Monday, February 4, 2013

RTRS - China soy stocks to fall 20 pct amid low Q1 imports -thinktank


BEIJING, Feb 1 (Reuters) - Soy stocks at major ports in China, the world's largest buyer of the grain, may fall about a fifth by the end of March on expectations of lower imports and high production by crushers, an official think-tank said on Friday.

"Crushers along coastal areas are running at a high rate since mid-December on robust seasonal demand for soyoil and soymeal," the China National Grain and Oils Information Centre said on its web site ((www.grain.gov.cn)).

"With expected lower imports of soybeans in coming months, soy stocks at ports will start to decline."
China's soy stocks may fall to about 4 million tonnes by the end of March from roughly 5 million now, the think tank said. This figure is well below the figure of 6.2 million a year ago.

The centre also estimated China's soy imports in the first quarter of 2013 at about 11.6 million tonnes, 13 percent lower than 13.26 million in the first quarter of 2012.

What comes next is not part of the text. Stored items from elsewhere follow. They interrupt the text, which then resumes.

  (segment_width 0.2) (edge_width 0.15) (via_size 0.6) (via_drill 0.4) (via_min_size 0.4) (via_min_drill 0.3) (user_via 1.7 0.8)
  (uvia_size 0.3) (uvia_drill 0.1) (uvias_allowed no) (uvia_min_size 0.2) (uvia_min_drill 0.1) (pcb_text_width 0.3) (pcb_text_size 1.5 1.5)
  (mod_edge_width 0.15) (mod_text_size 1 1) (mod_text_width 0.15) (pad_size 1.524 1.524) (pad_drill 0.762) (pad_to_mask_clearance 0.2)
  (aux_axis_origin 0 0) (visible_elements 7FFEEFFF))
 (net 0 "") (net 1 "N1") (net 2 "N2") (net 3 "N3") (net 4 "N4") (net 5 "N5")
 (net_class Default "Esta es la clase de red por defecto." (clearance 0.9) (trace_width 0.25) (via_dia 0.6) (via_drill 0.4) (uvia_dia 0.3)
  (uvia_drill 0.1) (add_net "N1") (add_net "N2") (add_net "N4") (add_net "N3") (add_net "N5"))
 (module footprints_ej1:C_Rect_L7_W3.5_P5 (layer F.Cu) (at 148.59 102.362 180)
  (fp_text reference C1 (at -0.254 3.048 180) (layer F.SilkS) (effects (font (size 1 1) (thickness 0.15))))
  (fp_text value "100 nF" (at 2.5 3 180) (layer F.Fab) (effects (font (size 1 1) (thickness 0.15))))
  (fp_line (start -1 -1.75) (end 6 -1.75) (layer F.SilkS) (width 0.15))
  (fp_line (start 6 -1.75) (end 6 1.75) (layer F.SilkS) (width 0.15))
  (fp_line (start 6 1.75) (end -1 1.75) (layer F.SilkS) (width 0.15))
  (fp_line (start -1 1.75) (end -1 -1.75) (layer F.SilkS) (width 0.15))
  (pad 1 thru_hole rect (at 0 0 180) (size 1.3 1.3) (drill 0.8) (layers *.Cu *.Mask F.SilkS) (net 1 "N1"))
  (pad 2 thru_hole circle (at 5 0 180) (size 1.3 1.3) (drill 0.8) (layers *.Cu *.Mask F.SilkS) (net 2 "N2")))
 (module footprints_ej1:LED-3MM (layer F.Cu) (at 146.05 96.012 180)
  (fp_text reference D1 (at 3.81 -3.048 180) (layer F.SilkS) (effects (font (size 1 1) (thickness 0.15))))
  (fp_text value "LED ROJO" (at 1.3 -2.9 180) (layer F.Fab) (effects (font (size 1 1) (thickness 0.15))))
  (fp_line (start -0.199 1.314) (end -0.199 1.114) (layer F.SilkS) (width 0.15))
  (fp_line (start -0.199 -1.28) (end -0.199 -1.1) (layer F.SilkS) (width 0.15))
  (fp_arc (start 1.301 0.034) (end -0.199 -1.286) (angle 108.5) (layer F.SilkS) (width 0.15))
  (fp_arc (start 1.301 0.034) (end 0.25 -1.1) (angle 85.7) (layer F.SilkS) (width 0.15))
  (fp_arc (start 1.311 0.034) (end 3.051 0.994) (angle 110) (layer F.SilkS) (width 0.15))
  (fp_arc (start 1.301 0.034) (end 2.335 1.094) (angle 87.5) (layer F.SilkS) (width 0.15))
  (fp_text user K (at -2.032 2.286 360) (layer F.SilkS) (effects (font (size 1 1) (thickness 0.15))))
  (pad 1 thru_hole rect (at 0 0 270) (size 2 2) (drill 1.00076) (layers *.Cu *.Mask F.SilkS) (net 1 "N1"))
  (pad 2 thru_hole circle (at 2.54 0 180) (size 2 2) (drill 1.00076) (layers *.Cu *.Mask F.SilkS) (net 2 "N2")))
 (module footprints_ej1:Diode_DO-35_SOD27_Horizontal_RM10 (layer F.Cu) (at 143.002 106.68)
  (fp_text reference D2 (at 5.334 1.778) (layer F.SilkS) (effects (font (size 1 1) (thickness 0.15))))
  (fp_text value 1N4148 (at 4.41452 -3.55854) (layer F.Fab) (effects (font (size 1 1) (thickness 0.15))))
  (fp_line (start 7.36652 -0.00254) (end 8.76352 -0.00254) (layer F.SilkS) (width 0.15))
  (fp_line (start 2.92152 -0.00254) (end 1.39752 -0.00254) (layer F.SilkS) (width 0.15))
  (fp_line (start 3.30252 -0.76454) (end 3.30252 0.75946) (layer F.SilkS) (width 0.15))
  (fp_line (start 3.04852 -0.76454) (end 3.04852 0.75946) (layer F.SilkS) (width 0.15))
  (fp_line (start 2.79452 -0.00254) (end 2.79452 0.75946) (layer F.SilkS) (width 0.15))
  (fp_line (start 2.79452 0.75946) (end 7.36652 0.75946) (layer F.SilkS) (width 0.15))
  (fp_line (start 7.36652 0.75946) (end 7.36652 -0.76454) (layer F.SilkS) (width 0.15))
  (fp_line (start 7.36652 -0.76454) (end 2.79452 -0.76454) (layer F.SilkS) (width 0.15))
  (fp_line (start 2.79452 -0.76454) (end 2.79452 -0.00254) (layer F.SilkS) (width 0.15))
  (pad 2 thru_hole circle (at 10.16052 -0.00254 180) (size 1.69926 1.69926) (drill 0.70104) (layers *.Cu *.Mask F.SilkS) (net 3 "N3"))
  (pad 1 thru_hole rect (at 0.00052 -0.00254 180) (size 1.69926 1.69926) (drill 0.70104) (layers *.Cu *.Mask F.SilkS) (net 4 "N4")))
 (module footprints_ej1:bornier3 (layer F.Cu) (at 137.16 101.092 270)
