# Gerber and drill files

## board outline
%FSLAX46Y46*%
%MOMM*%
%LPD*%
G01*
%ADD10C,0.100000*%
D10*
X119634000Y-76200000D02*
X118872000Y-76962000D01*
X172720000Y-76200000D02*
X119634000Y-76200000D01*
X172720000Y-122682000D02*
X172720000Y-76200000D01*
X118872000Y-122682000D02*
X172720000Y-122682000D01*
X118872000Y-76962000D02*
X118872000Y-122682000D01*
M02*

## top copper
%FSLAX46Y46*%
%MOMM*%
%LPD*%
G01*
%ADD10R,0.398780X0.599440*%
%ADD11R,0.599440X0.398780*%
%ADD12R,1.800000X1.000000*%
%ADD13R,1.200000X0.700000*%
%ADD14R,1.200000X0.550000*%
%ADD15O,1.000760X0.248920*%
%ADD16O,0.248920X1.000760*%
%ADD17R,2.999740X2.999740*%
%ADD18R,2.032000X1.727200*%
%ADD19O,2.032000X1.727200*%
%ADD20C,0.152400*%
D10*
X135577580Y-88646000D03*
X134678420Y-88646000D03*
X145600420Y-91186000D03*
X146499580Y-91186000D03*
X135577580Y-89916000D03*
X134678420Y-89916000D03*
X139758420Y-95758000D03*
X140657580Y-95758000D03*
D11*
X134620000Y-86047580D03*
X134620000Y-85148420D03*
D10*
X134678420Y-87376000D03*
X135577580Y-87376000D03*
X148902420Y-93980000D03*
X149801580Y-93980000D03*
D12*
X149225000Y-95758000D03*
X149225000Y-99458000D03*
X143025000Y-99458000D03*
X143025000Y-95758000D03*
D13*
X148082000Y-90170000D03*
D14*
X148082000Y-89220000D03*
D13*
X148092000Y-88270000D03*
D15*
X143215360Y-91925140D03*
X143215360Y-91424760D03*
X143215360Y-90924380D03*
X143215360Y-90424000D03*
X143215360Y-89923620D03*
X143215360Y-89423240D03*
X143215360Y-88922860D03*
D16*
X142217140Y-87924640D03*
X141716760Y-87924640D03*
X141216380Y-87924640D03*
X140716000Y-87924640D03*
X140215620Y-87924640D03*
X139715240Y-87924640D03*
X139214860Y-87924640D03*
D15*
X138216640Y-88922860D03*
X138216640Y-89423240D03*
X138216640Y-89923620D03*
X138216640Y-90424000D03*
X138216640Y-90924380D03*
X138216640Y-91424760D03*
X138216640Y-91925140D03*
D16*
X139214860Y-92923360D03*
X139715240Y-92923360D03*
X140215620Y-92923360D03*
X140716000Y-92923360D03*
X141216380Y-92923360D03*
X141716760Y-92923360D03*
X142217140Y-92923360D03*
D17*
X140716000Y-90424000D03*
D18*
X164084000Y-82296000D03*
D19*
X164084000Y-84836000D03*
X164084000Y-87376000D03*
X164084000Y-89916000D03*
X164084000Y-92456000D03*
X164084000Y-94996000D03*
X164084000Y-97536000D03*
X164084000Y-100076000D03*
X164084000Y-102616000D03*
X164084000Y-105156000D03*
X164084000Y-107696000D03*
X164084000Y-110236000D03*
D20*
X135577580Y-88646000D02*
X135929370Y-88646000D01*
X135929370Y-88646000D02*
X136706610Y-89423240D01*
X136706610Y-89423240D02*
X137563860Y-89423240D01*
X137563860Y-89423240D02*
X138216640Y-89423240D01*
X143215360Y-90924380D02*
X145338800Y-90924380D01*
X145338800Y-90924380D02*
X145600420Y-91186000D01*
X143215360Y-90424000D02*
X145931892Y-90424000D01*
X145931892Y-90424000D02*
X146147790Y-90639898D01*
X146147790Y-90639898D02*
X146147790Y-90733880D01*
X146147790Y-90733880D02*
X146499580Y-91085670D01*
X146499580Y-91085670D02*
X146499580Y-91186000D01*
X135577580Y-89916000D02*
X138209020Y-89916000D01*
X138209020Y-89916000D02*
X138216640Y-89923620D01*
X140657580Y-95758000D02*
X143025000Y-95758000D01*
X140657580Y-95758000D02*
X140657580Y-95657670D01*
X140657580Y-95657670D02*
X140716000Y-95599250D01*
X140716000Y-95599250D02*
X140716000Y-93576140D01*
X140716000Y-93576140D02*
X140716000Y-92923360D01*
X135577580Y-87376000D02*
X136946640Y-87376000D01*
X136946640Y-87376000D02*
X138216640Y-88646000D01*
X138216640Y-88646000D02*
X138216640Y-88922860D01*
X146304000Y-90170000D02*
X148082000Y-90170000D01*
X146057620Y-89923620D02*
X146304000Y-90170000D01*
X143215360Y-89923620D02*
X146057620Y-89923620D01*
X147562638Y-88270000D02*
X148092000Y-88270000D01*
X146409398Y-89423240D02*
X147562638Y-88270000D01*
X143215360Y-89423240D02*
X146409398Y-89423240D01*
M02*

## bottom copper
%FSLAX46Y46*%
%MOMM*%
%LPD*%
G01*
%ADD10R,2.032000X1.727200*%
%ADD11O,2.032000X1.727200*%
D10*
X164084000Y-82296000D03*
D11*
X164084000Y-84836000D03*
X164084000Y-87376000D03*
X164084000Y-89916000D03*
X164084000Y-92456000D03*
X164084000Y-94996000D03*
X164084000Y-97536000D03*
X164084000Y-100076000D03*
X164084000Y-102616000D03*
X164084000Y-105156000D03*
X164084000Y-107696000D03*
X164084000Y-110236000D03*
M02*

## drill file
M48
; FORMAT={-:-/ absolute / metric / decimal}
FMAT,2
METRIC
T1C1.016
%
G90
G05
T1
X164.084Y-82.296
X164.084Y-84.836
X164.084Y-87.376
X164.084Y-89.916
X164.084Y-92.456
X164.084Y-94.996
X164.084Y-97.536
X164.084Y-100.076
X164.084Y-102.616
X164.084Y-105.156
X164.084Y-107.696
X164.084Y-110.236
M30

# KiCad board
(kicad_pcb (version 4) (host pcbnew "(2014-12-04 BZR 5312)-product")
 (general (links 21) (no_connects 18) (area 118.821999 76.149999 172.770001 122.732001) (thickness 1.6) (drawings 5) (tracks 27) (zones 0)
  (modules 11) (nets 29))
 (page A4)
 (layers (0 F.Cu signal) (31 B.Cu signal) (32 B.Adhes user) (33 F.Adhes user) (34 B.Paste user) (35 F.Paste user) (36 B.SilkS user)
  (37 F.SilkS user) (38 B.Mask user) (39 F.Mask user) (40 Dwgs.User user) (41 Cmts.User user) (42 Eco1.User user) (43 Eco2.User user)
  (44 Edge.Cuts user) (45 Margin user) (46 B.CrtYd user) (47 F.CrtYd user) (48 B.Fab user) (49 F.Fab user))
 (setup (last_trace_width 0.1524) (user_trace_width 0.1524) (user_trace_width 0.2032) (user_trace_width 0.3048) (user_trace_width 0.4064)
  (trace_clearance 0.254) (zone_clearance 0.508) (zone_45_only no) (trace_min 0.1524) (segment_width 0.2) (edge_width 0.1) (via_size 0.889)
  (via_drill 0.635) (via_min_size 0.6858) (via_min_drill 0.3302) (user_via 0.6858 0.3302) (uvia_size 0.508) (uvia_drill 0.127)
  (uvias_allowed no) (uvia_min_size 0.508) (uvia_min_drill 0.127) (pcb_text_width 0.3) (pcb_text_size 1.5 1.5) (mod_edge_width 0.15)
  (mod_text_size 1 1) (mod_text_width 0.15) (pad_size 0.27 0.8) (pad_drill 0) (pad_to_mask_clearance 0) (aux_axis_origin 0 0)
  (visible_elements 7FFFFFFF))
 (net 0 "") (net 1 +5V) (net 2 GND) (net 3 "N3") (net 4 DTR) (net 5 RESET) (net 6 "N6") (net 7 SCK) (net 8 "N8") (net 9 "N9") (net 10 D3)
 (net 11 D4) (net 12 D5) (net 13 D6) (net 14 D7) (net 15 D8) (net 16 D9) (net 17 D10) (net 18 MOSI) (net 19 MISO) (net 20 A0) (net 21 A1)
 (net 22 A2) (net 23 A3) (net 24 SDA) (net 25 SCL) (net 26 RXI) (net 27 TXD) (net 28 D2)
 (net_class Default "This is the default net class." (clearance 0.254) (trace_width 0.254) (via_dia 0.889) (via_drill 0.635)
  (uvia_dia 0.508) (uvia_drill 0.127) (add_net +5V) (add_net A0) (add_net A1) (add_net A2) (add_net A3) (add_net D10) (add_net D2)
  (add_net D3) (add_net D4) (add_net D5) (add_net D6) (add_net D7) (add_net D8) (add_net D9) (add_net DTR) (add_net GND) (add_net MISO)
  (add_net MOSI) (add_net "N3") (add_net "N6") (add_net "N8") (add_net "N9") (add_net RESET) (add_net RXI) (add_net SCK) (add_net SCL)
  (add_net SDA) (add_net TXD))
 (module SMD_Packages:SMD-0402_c (layer F.Cu) (at 135.128 88.646 180)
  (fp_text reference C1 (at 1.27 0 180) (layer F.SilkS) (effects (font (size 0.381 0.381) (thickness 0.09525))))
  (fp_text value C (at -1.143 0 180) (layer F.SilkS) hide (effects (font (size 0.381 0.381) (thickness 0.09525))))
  (pad 1 smd rect (at -0.44958 0 180) (size 0.39878 0.59944) (layers F.Cu F.Paste F.Mask) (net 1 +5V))
  (pad 2 smd rect (at 0.44958 0 180) (size 0.39878 0.59944) (layers F.Cu F.Paste F.Mask) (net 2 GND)))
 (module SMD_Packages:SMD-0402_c (layer F.Cu) (at 146.05 91.186)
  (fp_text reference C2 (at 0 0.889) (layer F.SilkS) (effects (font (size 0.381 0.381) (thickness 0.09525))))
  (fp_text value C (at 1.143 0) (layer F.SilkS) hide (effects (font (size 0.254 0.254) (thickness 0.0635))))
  (pad 1 smd rect (at -0.44958 0) (size 0.39878 0.59944) (layers F.Cu F.Paste F.Mask) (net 1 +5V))
  (pad 2 smd rect (at 0.44958 0) (size 0.39878 0.59944) (layers F.Cu F.Paste F.Mask) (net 2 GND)))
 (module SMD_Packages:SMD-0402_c (layer F.Cu) (at 135.128 89.916 180)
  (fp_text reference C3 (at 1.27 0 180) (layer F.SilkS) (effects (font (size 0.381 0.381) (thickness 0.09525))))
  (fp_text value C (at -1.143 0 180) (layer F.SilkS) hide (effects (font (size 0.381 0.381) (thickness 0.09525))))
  (pad 1 smd rect (at -0.44958 0 180) (size 0.39878 0.59944) (layers F.Cu F.Paste F.Mask) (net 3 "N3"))
  (pad 2 smd rect (at 0.44958 0 180) (size 0.39878 0.59944) (layers F.Cu F.Paste F.Mask) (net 2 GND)))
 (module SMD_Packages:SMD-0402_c (layer F.Cu) (at 140.208 95.758)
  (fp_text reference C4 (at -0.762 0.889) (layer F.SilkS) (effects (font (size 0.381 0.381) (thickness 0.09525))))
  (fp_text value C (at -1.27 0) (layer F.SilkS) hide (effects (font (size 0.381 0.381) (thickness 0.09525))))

Traders told Reuters that some crushers had cancelled expensive U.S. soy shipments in December in favour of supplies at ports, which were offered at a discounted price, dragging down stocks.

"Although the number is put at 5 million tonnes, lots of the stocks have been booked by those crushers which cancelled their U.S. shipments," said one trading manager with an international trading house.

Port congestion in Brazil, the second largest exporter, may delay shipment and lower imports for the first quarter are expected, the centre said. Earlier, traders told Reuters that China might shift to book more cargoes from the United States to make up for the shortfall during this period.

Most Chinese crushers will shut down operation in coming weeks due to holidays for the Lunar New Year, which falls on Feb 10 this year.